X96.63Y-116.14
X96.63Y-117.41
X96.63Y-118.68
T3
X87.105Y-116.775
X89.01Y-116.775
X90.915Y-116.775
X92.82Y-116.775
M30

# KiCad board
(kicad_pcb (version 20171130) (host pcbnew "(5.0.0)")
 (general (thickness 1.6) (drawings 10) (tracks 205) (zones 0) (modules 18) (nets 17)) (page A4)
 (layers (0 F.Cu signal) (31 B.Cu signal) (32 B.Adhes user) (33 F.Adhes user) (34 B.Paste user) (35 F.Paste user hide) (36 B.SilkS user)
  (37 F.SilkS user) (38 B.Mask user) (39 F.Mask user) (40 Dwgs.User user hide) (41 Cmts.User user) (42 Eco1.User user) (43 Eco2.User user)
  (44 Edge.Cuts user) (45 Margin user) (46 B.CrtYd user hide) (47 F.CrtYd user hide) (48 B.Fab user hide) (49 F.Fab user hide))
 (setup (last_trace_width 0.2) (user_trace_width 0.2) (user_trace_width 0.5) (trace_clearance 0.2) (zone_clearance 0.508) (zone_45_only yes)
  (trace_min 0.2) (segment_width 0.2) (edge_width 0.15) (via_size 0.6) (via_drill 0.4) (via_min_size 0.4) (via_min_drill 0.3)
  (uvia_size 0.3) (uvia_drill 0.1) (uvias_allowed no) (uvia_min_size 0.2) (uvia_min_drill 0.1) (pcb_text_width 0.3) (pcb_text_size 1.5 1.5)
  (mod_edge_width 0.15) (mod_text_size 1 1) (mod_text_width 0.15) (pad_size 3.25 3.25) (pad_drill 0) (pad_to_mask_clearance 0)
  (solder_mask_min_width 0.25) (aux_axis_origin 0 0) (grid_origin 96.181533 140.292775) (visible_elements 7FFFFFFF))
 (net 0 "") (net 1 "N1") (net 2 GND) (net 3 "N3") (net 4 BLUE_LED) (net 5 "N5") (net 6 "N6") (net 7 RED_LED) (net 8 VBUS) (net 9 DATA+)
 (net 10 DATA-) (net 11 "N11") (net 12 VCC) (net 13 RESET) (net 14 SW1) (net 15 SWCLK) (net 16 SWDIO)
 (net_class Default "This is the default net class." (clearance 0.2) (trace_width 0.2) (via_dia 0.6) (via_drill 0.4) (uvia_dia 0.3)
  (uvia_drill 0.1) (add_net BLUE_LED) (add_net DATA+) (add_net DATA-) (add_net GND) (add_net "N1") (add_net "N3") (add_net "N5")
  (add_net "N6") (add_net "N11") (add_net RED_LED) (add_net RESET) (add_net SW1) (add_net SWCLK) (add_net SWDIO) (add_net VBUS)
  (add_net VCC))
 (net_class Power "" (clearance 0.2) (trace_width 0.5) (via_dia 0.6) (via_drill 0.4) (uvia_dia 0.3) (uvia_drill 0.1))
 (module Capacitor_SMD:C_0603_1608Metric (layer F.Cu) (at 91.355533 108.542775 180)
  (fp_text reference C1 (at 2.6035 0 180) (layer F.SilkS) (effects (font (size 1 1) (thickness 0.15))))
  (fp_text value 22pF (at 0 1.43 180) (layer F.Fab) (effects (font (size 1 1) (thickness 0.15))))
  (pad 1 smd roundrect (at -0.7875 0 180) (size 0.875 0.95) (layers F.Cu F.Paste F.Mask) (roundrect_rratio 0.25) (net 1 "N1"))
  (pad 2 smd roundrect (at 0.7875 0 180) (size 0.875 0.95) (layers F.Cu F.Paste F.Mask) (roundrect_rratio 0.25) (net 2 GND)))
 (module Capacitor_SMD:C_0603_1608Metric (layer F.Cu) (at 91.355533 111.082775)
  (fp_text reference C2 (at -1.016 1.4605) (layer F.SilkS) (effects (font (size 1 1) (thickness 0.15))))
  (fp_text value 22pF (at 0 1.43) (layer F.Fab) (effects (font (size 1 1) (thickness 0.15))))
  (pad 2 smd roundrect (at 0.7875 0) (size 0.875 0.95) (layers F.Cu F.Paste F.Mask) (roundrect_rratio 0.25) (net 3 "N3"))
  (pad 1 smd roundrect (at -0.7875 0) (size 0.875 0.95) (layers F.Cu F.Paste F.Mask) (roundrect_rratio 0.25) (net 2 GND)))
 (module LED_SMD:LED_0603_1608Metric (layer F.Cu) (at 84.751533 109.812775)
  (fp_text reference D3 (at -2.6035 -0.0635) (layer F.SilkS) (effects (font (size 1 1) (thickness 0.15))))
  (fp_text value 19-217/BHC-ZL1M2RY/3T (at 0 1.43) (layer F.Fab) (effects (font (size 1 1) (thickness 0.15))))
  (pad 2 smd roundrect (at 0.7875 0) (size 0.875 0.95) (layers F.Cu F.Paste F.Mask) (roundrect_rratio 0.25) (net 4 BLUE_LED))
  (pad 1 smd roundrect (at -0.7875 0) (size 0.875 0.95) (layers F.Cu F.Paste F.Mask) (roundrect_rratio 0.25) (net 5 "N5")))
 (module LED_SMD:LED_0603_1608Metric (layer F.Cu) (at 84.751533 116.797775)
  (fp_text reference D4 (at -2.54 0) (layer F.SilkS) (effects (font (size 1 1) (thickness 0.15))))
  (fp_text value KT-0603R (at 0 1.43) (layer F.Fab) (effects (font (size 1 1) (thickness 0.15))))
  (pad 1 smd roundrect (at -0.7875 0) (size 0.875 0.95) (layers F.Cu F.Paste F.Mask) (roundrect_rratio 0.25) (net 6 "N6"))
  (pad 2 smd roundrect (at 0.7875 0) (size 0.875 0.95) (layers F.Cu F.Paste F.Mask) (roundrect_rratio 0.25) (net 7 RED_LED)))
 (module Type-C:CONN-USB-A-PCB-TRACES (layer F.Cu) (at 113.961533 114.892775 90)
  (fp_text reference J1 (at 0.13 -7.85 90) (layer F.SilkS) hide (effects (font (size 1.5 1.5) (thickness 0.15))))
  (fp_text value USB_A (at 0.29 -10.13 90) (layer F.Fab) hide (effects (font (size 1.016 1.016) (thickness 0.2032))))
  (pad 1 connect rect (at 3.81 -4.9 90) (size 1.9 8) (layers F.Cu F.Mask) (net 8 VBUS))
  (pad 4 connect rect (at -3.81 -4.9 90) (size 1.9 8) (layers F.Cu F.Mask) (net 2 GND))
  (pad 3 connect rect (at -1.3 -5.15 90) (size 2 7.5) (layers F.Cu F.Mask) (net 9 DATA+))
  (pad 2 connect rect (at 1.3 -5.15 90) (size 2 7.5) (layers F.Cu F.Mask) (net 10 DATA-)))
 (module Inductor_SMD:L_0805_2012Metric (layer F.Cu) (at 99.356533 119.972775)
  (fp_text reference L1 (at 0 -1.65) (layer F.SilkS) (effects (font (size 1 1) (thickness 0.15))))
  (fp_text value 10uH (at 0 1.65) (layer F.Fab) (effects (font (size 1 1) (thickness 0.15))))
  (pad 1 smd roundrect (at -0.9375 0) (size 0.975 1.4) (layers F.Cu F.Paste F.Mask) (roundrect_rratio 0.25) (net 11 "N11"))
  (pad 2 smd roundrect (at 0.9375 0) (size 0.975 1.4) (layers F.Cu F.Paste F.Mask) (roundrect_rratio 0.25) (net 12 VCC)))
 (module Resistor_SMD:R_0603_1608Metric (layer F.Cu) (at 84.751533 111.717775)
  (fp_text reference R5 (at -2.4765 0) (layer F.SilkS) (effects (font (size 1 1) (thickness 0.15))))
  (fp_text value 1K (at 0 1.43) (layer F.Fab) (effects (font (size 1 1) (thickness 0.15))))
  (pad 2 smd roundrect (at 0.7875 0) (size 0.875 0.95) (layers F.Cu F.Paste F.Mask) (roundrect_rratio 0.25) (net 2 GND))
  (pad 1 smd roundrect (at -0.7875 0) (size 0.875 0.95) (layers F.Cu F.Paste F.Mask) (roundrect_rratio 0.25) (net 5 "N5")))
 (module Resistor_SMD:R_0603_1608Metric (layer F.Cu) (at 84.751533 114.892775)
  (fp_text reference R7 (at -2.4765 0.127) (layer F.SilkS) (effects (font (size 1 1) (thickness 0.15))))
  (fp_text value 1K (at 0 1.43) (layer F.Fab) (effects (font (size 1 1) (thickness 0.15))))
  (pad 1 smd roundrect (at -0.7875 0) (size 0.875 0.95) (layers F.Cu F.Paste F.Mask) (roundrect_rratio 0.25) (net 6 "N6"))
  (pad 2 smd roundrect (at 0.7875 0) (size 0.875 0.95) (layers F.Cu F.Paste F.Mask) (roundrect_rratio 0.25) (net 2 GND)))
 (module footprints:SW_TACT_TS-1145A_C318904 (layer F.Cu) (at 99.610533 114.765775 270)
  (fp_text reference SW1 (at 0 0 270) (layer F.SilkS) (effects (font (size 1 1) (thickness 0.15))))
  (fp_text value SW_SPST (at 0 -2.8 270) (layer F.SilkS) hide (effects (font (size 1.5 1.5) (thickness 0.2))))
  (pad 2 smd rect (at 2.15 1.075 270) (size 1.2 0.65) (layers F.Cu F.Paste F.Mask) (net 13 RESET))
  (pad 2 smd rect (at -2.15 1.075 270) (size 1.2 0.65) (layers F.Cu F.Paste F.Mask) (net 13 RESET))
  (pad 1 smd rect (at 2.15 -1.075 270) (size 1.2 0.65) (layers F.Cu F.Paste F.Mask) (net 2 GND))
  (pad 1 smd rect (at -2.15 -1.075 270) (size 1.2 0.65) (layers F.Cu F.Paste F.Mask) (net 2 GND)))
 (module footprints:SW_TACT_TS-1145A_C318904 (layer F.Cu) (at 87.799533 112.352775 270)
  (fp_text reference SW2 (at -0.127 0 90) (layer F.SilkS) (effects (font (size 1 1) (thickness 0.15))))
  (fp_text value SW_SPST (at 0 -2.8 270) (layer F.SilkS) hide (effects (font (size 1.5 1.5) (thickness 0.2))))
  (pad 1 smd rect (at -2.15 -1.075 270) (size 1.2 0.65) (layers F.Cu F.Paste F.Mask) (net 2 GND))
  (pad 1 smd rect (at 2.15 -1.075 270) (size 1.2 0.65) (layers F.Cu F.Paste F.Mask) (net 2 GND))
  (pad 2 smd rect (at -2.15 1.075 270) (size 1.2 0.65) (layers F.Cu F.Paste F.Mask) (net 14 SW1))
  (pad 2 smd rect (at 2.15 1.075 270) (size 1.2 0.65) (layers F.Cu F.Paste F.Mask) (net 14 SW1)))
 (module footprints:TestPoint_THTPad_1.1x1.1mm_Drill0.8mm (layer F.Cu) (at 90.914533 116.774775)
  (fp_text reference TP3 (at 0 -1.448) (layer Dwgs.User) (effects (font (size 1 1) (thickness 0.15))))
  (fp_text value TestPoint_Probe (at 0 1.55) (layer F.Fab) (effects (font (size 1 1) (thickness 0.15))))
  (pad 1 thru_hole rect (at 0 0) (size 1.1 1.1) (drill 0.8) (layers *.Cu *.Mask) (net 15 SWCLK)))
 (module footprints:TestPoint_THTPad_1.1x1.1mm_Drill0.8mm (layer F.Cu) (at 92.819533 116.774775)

---+---

AIM OF THE TASK: When the line containing "(layers (0 F.Cu" is reached, include it and stop. Until then, output each line of the entries exactly as given, starting from the first.

WORKED SOLUTION:
X96.63Y-116.14
X96.63Y-117.41
X96.63Y-118.68
T3
X87.105Y-116.775
X89.01Y-116.775
X90.915Y-116.775
X92.82Y-116.775
M30

# KiCad board
(kicad_pcb (version 20171130) (host pcbnew "(5.0.0)")
 (general (thickness 1.6) (drawings 10) (tracks 205) (zones 0) (modules 18) (nets 17)) (page A4)
 (layers (0 F.Cu signal) (31 B.Cu signal) (32 B.Adhes user) (33 F.Adhes user) (34 B.Paste user) (35 F.Paste user hide) (36 B.SilkS user)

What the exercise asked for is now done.